═════ Data provided

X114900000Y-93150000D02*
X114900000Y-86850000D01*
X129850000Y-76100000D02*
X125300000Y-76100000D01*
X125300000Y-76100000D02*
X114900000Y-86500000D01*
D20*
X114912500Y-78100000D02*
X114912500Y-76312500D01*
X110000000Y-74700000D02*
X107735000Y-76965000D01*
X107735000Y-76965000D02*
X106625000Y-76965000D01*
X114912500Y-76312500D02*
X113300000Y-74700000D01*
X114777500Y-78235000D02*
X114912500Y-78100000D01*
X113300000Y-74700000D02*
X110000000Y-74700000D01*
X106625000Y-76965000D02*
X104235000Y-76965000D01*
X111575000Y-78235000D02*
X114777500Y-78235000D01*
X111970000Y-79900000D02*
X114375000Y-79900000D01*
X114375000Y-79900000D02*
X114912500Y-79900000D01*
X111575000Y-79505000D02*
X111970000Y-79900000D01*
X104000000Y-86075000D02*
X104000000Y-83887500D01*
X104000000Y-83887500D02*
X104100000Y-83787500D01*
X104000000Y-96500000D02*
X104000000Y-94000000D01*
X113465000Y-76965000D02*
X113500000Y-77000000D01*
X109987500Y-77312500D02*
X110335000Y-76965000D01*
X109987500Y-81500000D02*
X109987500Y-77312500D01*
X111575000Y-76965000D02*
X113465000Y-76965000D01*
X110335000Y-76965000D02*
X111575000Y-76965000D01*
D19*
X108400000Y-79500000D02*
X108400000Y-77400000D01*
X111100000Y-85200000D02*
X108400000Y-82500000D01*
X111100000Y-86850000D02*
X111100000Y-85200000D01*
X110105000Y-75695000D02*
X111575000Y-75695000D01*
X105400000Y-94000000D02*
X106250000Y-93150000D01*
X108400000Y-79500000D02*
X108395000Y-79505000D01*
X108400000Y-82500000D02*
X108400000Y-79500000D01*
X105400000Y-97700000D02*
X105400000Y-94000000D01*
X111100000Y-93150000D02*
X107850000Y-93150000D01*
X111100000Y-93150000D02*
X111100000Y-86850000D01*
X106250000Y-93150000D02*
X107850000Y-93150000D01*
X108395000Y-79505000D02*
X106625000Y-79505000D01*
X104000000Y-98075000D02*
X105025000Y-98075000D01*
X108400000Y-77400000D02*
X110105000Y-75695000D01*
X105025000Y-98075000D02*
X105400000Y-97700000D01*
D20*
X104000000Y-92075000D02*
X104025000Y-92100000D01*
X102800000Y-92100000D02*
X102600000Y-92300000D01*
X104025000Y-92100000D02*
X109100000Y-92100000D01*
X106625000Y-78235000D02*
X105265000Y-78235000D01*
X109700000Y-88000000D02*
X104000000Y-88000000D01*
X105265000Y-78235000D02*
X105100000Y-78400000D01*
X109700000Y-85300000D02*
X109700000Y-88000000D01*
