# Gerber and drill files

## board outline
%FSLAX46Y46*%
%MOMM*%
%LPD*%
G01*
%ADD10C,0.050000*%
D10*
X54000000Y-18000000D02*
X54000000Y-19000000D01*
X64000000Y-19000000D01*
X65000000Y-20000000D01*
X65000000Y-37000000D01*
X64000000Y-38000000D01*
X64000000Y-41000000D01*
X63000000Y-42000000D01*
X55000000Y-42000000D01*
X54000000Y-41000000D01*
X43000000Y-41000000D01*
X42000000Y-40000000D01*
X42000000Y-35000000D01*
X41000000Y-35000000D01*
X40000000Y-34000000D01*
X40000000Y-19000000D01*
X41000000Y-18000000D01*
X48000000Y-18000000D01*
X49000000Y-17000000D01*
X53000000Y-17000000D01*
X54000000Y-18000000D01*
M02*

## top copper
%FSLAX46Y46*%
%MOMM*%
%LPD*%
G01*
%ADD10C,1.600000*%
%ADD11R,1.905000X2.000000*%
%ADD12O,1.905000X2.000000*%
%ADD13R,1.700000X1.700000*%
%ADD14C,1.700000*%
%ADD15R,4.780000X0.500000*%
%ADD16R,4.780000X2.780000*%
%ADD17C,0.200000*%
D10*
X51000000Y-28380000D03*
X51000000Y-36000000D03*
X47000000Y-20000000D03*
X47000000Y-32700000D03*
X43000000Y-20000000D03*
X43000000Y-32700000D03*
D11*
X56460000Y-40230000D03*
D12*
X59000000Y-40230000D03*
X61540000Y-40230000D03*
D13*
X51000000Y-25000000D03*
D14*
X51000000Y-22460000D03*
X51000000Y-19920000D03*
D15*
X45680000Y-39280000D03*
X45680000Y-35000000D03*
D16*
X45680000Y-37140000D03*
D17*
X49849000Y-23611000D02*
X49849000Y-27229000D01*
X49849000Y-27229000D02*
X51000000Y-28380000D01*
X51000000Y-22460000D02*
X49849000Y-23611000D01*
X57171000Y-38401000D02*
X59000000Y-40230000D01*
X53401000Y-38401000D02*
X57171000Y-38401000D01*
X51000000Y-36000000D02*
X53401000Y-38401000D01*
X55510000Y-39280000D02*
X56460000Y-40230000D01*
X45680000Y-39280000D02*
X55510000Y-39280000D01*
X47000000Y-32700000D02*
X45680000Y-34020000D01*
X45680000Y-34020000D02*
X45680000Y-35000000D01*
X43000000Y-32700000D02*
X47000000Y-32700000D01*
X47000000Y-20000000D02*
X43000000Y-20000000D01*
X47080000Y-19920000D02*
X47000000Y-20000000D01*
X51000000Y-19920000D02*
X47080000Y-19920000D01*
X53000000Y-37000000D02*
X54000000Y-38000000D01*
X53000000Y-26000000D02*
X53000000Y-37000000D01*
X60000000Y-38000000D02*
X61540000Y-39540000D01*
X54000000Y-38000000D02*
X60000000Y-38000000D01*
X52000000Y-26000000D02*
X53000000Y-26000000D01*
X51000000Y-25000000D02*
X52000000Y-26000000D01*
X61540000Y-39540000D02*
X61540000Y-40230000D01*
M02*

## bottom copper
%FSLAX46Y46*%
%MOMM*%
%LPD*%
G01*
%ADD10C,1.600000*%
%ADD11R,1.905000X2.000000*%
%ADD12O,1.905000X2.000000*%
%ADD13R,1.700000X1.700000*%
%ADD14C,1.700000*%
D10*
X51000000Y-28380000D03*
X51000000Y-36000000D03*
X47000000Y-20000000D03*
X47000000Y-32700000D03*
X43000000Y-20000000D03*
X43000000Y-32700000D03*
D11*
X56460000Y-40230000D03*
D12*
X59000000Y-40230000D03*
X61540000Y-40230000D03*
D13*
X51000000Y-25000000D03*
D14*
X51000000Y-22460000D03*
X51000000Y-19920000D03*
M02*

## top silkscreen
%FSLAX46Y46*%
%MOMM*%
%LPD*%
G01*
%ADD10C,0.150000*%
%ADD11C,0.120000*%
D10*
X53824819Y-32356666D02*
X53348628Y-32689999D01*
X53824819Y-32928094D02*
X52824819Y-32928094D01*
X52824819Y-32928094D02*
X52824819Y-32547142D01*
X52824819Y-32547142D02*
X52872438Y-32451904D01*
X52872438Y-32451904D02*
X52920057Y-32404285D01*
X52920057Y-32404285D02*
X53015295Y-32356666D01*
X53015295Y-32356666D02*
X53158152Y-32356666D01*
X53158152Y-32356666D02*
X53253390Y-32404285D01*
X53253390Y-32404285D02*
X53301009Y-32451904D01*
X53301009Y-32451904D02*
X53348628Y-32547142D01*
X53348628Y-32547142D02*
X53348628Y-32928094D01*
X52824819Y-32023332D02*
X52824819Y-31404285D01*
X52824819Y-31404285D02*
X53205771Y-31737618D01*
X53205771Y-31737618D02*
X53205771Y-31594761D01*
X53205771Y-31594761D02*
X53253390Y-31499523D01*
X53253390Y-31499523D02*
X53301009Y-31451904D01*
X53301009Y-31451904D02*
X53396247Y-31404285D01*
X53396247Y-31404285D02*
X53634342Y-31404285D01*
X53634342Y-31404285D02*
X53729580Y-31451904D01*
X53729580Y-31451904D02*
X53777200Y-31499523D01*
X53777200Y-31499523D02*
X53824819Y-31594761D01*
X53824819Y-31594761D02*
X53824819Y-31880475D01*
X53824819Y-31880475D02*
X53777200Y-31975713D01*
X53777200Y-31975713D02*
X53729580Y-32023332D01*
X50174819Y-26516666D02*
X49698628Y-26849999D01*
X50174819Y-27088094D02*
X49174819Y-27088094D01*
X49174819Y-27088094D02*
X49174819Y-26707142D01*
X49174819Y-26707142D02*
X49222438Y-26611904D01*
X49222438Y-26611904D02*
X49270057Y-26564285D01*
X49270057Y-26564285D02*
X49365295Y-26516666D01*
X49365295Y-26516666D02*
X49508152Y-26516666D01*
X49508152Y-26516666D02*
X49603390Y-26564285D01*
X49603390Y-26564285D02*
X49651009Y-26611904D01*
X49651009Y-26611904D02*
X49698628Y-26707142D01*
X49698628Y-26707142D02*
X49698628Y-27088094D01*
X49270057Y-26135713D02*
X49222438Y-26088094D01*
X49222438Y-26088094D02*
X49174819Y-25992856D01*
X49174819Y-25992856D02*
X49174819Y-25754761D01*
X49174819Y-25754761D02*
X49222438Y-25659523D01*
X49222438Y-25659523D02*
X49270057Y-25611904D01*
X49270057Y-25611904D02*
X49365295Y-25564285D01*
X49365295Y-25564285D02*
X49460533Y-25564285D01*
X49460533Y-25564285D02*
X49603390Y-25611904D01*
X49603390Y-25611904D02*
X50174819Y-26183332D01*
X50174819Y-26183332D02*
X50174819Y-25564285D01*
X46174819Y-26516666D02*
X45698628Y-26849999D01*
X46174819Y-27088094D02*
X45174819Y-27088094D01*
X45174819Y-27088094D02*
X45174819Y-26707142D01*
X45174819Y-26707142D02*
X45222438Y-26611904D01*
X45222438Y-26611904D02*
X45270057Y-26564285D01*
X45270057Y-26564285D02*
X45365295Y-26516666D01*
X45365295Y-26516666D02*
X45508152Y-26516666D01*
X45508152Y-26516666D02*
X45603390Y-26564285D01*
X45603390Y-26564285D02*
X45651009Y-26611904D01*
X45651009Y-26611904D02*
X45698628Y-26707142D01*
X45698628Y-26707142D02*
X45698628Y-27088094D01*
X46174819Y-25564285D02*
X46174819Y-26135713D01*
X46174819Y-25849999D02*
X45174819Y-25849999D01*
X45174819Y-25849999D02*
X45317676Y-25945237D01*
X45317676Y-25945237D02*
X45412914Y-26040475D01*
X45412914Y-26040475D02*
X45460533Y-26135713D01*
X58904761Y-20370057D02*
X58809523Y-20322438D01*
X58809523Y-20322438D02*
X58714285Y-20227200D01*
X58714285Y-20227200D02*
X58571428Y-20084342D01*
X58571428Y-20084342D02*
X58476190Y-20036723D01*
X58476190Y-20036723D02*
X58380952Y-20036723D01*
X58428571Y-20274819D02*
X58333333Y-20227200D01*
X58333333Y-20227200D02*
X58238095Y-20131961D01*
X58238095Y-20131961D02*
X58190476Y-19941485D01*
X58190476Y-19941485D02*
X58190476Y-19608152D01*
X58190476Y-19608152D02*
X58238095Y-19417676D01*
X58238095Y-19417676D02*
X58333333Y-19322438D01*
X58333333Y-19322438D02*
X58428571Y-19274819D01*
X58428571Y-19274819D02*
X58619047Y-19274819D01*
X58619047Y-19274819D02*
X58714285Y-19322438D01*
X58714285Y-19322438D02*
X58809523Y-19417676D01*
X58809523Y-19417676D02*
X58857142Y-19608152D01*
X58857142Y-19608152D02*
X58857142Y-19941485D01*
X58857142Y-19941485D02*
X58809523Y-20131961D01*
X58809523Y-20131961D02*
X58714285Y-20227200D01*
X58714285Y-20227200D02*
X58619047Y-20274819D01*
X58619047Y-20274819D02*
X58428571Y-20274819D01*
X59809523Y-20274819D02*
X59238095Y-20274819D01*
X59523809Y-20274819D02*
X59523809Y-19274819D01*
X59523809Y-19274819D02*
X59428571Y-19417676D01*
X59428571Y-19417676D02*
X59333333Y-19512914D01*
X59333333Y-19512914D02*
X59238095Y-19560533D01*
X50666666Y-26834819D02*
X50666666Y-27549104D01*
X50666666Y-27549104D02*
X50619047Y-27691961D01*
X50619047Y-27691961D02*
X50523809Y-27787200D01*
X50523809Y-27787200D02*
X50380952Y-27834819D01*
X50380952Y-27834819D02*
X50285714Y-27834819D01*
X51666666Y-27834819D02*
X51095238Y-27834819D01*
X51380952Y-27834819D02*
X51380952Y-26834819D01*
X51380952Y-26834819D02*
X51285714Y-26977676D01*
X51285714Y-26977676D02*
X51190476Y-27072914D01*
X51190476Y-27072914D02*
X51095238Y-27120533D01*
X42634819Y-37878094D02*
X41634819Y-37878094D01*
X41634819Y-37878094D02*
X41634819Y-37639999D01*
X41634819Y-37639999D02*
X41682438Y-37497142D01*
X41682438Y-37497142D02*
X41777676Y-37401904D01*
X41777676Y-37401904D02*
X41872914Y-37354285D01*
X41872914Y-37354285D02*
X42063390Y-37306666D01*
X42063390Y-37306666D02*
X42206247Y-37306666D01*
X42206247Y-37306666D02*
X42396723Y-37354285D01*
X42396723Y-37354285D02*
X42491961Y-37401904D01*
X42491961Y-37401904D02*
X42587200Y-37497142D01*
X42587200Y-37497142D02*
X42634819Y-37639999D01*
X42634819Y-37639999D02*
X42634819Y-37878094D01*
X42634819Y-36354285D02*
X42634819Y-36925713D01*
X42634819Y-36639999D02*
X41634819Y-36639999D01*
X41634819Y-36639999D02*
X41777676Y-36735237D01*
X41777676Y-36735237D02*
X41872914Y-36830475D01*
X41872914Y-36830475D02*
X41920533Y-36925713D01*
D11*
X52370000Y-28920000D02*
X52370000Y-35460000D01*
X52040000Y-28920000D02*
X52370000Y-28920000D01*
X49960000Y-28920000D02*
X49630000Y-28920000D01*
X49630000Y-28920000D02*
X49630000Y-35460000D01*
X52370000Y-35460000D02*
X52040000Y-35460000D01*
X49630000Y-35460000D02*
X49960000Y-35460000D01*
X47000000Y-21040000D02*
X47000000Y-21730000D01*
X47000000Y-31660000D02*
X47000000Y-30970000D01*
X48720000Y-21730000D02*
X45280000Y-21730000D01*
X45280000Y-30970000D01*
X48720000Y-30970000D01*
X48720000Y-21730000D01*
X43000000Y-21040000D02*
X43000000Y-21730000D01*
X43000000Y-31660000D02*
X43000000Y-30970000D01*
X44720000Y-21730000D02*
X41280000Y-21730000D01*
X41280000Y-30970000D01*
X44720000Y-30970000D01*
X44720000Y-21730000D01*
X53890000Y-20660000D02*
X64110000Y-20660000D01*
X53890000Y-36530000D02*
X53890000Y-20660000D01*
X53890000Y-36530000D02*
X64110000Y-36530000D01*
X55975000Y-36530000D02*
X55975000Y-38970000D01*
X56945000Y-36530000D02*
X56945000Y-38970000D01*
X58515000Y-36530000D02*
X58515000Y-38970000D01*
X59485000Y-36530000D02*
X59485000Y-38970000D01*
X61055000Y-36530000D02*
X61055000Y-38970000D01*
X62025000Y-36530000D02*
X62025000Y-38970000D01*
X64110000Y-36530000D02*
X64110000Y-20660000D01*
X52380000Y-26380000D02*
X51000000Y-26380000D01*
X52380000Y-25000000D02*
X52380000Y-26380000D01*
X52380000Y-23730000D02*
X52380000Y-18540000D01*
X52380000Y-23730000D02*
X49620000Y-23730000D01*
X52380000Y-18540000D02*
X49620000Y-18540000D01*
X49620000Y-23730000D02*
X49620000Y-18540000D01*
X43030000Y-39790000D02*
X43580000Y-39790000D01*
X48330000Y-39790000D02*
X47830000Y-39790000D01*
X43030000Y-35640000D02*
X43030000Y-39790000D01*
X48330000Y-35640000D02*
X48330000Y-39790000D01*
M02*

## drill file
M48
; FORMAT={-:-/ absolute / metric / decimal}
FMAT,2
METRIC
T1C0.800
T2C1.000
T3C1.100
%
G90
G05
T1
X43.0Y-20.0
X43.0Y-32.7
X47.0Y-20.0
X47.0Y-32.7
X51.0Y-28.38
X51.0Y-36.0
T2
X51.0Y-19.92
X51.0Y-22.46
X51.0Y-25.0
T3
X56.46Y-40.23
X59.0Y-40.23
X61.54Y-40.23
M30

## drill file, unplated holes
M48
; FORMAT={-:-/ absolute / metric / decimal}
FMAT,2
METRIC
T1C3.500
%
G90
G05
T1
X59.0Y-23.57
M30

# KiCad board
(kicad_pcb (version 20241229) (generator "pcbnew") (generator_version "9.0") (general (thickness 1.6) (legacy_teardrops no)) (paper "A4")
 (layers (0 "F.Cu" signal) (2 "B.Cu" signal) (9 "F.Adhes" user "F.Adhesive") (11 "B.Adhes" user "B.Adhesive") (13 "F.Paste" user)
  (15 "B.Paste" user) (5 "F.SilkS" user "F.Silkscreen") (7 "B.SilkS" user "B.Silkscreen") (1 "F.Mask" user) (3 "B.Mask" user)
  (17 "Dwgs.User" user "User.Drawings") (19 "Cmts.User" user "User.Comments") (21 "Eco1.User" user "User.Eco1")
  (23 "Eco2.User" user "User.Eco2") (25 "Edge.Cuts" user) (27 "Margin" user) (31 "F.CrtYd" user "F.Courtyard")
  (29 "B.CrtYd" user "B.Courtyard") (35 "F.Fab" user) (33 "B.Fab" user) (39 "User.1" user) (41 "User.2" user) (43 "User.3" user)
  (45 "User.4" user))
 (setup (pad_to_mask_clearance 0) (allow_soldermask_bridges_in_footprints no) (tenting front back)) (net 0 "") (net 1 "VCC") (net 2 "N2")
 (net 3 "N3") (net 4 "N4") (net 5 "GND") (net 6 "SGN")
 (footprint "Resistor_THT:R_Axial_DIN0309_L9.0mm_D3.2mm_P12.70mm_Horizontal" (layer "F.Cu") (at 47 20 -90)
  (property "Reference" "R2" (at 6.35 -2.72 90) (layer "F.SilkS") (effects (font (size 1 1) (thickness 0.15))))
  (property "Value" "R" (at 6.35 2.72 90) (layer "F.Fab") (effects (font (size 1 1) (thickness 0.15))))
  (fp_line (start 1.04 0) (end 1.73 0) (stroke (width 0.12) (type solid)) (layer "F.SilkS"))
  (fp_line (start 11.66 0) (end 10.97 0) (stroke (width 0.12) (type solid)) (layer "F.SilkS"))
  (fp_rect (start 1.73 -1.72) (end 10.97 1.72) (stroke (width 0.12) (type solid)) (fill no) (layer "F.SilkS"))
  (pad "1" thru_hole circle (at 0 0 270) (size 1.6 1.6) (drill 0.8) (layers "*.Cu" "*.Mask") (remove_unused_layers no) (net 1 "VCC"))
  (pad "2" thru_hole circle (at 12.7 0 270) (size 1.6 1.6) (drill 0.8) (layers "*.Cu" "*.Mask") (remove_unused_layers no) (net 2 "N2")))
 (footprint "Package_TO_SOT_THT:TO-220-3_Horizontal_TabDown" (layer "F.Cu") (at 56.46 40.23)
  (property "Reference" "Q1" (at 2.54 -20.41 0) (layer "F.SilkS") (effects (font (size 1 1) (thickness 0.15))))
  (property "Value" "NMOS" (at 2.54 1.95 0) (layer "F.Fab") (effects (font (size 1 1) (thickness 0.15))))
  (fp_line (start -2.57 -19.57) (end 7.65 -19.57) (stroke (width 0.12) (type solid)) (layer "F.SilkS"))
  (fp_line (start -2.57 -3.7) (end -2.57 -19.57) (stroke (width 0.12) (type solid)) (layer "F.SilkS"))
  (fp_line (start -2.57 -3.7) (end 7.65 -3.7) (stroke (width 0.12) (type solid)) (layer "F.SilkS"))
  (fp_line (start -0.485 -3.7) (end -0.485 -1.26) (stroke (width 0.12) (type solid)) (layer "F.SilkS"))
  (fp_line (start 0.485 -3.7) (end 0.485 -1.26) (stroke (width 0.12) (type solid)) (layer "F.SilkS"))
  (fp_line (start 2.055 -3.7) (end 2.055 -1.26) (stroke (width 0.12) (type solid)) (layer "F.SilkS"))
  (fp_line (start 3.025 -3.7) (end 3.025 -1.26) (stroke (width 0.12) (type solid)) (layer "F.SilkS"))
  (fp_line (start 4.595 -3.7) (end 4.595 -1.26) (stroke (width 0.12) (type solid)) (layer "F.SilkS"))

══════════

What to do: Copy each line of the preceding data that contains the string "user".

Answer box:
 (layers (0 "F.Cu" signal) (2 "B.Cu" signal) (9 "F.Adhes" user "F.Adhesive") (11 "B.Adhes" user "B.Adhesive") (13 "F.Paste" user)
  (15 "B.Paste" user) (5 "F.SilkS" user "F.Silkscreen") (7 "B.SilkS" user "B.Silkscreen") (1 "F.Mask" user) (3 "B.Mask" user)
  (17 "Dwgs.User" user "User.Drawings") (19 "Cmts.User" user "User.Comments") (21 "Eco1.User" user "User.Eco1")
  (23 "Eco2.User" user "User.Eco2") (25 "Edge.Cuts" user) (27 "Margin" user) (31 "F.CrtYd" user "F.Courtyard")
  (29 "B.CrtYd" user "B.Courtyard") (35 "F.Fab" user) (33 "B.Fab" user) (39 "User.1" user) (41 "User.2" user) (43 "User.3" user)
  (45 "User.4" user))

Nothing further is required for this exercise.